# Wade fishing tips?



## Sportfishing29 (May 20, 2013)

Last week, I went wade fishing for the first time. I only caught four hardheads. Any tips for me the newbie into wade fishing.


----------



## TexasGrandSlam (Apr 13, 2013)

There are a lot of posts on here about getting into wade fishing so ill try my best to cover a few of the essentials. 

Gear: Wading boots, wade belt, pliers, stringer, a place to keep your lures (either a lure box with strap or in your shirt pocket) Invest in a good rod n reel setup. (Personally My favorite is a 6'9" med light FTU green rod with a chronarch 200E7 with 30lb suffix green braid and a 2.5' 30lb fluro leader, but anything with a lighter action and a reel you can cast well will work)

Lures or bait: I'm guessing that you were throwing some sort of live/dead bait due to catching hardheads but I highly suggest trying out some lures. My lures that I would not leave the shore without would be a bone jr. spook topwater, some soft plastics- hogie 5' chicken on a chain and some other assorted colors with a 1/8 oz jighead, and a gold or silver spoon. Theres nothing wrong with throwing live or dead bait, but with lures usually don't catch the hardheads

Tips: 1) When wading, always shuffle your feet no matter if you are in clear or dirty water. Stingrays are in the bays now and they'll be here for months to come. 2) If theres moving water and it looks deep, your best bet is to wade around or to not go through at all. (the moving water primarily pertains to the areas around San louis pass and any inlets to the bays from the gulf.) 3) Always wade with a friend and if your alone, make sure to minimize any risk of being put in harm. 4) If a shark gets on your stringer of fish you can fight it off, but its probably better to just let the stringer go. 5) DO NOT TIE YOUR STRINGER TO YOUR BELT. Have it in a position that it will be fairly easy to take off incase of sharks, snags, boat props, etc... 6) Invest in the trout support videos, though expensive, they can teach you a lot about the different ways to find the fish 7) get out there as much as possible, learn from friends or guides, and find what works best for you 

Im sure there are many things I left out. And with the lack of info on the post, I am not aware if you know all of this information already. So if you do, sorry for repeating it.
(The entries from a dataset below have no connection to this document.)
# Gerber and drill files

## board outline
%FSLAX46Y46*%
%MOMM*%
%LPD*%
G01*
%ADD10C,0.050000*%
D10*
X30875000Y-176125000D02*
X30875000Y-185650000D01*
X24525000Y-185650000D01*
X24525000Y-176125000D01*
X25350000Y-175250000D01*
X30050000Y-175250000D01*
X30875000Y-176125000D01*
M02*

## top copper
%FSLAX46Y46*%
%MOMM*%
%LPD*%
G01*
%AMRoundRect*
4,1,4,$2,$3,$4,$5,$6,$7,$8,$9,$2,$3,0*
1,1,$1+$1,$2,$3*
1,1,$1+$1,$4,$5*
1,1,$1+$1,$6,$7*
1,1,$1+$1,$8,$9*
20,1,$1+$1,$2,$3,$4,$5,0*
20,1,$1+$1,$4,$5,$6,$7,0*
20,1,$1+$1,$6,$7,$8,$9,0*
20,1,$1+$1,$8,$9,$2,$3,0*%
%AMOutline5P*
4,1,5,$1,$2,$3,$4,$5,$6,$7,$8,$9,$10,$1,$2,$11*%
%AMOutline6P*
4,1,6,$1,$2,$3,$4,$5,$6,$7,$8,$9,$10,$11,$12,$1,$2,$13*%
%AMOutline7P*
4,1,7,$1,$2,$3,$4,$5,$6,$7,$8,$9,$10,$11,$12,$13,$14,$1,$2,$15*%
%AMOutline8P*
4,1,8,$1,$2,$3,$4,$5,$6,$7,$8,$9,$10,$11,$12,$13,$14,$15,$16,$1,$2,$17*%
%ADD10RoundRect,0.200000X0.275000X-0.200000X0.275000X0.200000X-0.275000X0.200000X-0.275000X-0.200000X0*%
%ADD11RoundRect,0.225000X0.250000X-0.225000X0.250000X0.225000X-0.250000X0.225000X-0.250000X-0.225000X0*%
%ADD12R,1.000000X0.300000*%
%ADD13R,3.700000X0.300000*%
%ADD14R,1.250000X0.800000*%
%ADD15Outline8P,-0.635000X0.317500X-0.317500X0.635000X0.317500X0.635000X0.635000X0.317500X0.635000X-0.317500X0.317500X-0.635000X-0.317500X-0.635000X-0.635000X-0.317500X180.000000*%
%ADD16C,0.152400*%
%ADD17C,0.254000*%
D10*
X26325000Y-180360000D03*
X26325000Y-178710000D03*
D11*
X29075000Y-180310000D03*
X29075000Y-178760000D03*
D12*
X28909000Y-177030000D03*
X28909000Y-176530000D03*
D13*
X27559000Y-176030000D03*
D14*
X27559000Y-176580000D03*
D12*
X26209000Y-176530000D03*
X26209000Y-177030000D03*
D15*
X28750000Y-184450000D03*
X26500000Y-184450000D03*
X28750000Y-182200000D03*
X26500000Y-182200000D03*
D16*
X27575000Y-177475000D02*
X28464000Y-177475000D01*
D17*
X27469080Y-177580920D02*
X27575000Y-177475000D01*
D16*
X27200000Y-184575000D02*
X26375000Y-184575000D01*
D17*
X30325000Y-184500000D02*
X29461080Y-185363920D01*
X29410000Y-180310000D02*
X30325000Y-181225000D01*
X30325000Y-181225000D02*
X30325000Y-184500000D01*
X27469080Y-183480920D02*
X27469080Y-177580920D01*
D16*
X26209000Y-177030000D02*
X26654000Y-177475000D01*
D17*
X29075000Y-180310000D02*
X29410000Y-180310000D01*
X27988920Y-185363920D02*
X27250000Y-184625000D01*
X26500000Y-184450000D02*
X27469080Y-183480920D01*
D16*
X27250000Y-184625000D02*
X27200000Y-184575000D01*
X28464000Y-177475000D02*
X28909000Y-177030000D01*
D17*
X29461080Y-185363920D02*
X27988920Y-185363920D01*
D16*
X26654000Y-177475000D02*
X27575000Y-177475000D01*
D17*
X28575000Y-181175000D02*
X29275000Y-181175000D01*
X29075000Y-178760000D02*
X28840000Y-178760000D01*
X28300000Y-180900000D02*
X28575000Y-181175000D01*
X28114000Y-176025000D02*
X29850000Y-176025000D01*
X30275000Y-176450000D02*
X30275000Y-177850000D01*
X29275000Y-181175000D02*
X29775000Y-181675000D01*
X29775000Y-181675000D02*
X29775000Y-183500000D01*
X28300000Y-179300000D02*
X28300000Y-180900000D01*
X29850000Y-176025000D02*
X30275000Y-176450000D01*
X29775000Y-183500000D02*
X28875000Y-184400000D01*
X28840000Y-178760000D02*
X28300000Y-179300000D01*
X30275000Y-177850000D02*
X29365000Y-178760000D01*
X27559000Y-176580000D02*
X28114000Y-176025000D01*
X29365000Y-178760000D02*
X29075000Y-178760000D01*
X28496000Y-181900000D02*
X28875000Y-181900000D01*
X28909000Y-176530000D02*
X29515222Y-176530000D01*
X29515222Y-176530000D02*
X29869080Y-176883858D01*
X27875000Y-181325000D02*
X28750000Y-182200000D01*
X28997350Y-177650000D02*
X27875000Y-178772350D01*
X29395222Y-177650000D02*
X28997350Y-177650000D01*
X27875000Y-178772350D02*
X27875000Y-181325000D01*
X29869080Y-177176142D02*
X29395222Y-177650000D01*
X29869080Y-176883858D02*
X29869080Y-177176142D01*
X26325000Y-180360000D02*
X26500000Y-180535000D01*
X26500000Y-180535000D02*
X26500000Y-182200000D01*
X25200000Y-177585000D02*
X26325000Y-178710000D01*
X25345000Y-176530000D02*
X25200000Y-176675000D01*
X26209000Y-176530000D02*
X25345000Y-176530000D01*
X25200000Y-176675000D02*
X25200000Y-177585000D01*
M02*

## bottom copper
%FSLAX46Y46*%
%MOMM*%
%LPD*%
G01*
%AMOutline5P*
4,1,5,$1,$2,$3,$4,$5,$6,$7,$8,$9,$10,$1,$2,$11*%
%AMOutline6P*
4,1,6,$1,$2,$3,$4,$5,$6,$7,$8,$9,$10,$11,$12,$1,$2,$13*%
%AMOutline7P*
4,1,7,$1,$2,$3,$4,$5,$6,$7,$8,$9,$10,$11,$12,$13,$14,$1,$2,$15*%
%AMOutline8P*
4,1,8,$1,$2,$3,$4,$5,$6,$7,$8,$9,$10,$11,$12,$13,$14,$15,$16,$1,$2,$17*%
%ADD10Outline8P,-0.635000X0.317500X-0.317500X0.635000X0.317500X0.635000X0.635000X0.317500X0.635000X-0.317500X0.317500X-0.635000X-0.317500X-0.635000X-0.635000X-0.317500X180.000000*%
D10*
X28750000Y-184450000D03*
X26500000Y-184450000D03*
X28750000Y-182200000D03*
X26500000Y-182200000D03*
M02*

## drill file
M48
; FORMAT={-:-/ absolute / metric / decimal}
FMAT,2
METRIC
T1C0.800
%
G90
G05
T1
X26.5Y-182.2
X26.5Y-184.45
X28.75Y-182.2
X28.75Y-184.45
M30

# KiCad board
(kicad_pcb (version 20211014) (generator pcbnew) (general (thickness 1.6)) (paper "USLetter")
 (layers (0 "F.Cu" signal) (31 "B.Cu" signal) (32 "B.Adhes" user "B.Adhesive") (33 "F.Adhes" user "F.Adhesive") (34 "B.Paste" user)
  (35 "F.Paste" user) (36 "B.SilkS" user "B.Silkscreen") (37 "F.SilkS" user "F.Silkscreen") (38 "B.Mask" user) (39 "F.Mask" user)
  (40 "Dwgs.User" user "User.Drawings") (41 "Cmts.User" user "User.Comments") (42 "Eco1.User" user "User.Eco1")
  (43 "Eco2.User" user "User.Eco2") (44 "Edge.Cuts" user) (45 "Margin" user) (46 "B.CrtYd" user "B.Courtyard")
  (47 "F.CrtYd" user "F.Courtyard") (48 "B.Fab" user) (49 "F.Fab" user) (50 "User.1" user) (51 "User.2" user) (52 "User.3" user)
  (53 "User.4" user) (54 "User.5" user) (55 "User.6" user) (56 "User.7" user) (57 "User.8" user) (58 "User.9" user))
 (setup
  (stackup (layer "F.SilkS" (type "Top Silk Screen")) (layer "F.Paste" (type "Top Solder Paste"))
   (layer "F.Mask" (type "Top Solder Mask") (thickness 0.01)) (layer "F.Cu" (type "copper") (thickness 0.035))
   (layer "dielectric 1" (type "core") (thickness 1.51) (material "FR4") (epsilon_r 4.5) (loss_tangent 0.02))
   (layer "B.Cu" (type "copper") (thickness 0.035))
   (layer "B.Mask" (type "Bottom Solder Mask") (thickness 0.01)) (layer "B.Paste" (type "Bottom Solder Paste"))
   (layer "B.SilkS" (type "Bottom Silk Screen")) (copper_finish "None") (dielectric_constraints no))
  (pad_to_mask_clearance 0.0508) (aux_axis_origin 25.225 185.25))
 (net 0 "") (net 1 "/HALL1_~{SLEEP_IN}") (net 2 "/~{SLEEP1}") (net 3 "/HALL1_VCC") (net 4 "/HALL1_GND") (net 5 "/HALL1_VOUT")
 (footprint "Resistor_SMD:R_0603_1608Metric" (layer "F.Cu") (at 26.325 179.535 90)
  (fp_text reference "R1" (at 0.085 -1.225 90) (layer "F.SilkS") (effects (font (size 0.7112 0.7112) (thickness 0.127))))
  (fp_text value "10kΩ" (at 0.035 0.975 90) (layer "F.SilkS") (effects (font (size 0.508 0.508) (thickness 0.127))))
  (pad "1" smd roundrect (at -0.825 0 90) (size 0.8 0.95) (layers "F.Cu" "F.Paste" "F.Mask") (roundrect_rratio 0.25)
   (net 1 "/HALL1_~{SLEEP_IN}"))
  (pad "2" smd roundrect (at 0.825 0 90) (size 0.8 0.95) (layers "F.Cu" "F.Paste" "F.Mask") (roundrect_rratio 0.25) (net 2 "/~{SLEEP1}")))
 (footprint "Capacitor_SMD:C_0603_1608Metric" (layer "F.Cu") (at 29.075 179.535 90)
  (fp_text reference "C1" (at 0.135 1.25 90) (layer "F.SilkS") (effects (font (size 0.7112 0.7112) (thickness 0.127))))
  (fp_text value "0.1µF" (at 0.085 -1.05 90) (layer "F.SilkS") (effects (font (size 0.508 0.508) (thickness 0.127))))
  (pad "1" smd roundrect (at -0.775 0 90) (size 0.9 0.95) (layers "F.Cu" "F.Paste" "F.Mask") (roundrect_rratio 0.25) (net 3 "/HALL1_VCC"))
  (pad "2" smd roundrect (at 0.775 0 90) (size 0.9 0.95) (layers "F.Cu" "F.Paste" "F.Mask") (roundrect_rratio 0.25) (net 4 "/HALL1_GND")))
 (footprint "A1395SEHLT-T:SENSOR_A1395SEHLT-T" (layer "F.Cu") (at 27.559 176.53 180)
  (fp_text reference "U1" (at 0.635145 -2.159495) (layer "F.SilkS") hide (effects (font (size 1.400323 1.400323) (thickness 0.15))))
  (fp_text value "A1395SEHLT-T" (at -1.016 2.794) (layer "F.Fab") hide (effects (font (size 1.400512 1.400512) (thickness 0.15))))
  (pad "1" smd rect locked (at -1.35 -0.5 180) (size 1 0.3) (layers "F.Cu" "F.Paste" "F.Mask") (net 3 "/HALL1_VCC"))
  (pad "2" smd rect locked (at -1.35 0 180) (size 1 0.3) (layers "F.Cu" "F.Paste" "F.Mask") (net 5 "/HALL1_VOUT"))
  (pad "3" smd rect locked (at 0 0.5 90) (size 0.3 3.7) (layers "F.Cu" "F.Paste" "F.Mask") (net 4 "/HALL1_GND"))
  (pad "4" smd rect locked (at 0 -0.05 180) (size 1.25 0.8) (layers "F.Cu" "F.Mask") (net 4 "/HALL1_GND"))
  (pad "5" smd rect locked (at 1.35 0 180) (size 1 0.3) (layers "F.Cu" "F.Paste" "F.Mask") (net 2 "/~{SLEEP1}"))
  (pad "6" smd rect locked (at 1.35 -0.5 180) (size 1 0.3) (layers "F.Cu" "F.Paste" "F.Mask") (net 3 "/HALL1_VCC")))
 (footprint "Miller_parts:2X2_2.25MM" (layer "F.Cu") (at 27.625 183.325 180)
I'm no professional, but wade fishing is my passion and I learn new things every day

Hope this helps!


----------



## OnedayScratch (May 23, 2012)

Fish Artie's. Dem hardies don't like plastic.


----------



## Aggie87 (Jun 2, 2010)

I would say look on google earth for changes in the water..reefs, guts, structure, etc.. Structure in the water usually hold bait and the fish come to the bait..while wading look for bait in the water..if there is no active bait around there probably isn't much fish either. slicks and birds help locate fish also..in the summer i like to target the flats and shallows early and then move to the guts..learn how the tides work also..tons of info on here just try to dig up as much as u can


----------



## kenny (May 21, 2004)

Sportfishing29 said:


> Last week, I went wade fishing for the first time. I only caught four hardheads. Any tips for me the newbie into wade fishing.


Time and tides my friend.


----------



## fishnfowler2 (Aug 19, 2013)

*where are you wading??*

You said all you caught were hardheads, I assume the surf or the pass. I wade west bay exclusively, so the only advice I can give would be bay fishing. PM me and I will share some things I have learned over the years.


----------